*Work task*:
Exactly as written, print each of the entries.

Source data

= Beginning of Section =

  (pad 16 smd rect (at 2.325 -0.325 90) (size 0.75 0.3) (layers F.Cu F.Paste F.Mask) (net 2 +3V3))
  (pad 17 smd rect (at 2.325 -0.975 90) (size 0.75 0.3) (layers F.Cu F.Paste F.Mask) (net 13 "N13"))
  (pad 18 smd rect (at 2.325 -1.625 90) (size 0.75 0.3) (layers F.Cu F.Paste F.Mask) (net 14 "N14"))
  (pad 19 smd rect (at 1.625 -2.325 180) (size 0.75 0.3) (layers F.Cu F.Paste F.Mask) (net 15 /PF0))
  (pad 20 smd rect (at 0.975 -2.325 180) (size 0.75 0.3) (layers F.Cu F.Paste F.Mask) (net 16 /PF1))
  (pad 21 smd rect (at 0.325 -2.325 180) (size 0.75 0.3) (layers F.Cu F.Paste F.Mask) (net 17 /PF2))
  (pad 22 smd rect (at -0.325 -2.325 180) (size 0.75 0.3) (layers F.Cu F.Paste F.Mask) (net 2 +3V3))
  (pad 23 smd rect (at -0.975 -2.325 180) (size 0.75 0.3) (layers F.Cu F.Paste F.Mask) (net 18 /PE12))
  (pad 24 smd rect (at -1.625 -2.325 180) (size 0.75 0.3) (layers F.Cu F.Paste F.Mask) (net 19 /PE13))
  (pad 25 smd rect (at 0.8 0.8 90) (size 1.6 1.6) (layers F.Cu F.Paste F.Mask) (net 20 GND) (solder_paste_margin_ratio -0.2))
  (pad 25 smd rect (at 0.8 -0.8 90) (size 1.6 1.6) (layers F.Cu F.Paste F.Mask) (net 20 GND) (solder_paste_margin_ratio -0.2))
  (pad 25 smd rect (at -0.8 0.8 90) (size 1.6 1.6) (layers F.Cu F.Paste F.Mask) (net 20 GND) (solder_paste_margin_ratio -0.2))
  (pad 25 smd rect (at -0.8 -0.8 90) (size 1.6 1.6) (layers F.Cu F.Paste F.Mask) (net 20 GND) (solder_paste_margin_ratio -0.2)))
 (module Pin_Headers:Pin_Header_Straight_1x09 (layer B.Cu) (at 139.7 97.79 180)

= End of Section =

*Written solution*:
  (pad 16 smd rect (at 2.325 -0.325 90) (size 0.75 0.3) (layers F.Cu F.Paste F.Mask) (net 2 +3V3))
  (pad 17 smd rect (at 2.325 -0.975 90) (size 0.75 0.3) (layers F.Cu F.Paste F.Mask) (net 13 "N13"))
  (pad 18 smd rect (at 2.325 -1.625 90) (size 0.75 0.3) (layers F.Cu F.Paste F.Mask) (net 14 "N14"))
  (pad 19 smd rect (at 1.625 -2.325 180) (size 0.75 0.3) (layers F.Cu F.Paste F.Mask) (net 15 /PF0))
  (pad 20 smd rect (at 0.975 -2.325 180) (size 0.75 0.3) (layers F.Cu F.Paste F.Mask) (net 16 /PF1))
  (pad 21 smd rect (at 0.325 -2.325 180) (size 0.75 0.3) (layers F.Cu F.Paste F.Mask) (net 17 /PF2))
  (pad 22 smd rect (at -0.325 -2.325 180) (size 0.75 0.3) (layers F.Cu F.Paste F.Mask) (net 2 +3V3))
  (pad 23 smd rect (at -0.975 -2.325 180) (size 0.75 0.3) (layers F.Cu F.Paste F.Mask) (net 18 /PE12))
  (pad 24 smd rect (at -1.625 -2.325 180) (size 0.75 0.3) (layers F.Cu F.Paste F.Mask) (net 19 /PE13))
  (pad 25 smd rect (at 0.8 0.8 90) (size 1.6 1.6) (layers F.Cu F.Paste F.Mask) (net 20 GND) (solder_paste_margin_ratio -0.2))
  (pad 25 smd rect (at 0.8 -0.8 90) (size 1.6 1.6) (layers F.Cu F.Paste F.Mask) (net 20 GND) (solder_paste_margin_ratio -0.2))
  (pad 25 smd rect (at -0.8 0.8 90) (size 1.6 1.6) (layers F.Cu F.Paste F.Mask) (net 20 GND) (solder_paste_margin_ratio -0.2))
  (pad 25 smd rect (at -0.8 -0.8 90) (size 1.6 1.6) (layers F.Cu F.Paste F.Mask) (net 20 GND) (solder_paste_margin_ratio -0.2)))
 (module Pin_Headers:Pin_Header_Straight_1x09 (layer B.Cu) (at 139.7 97.79 180)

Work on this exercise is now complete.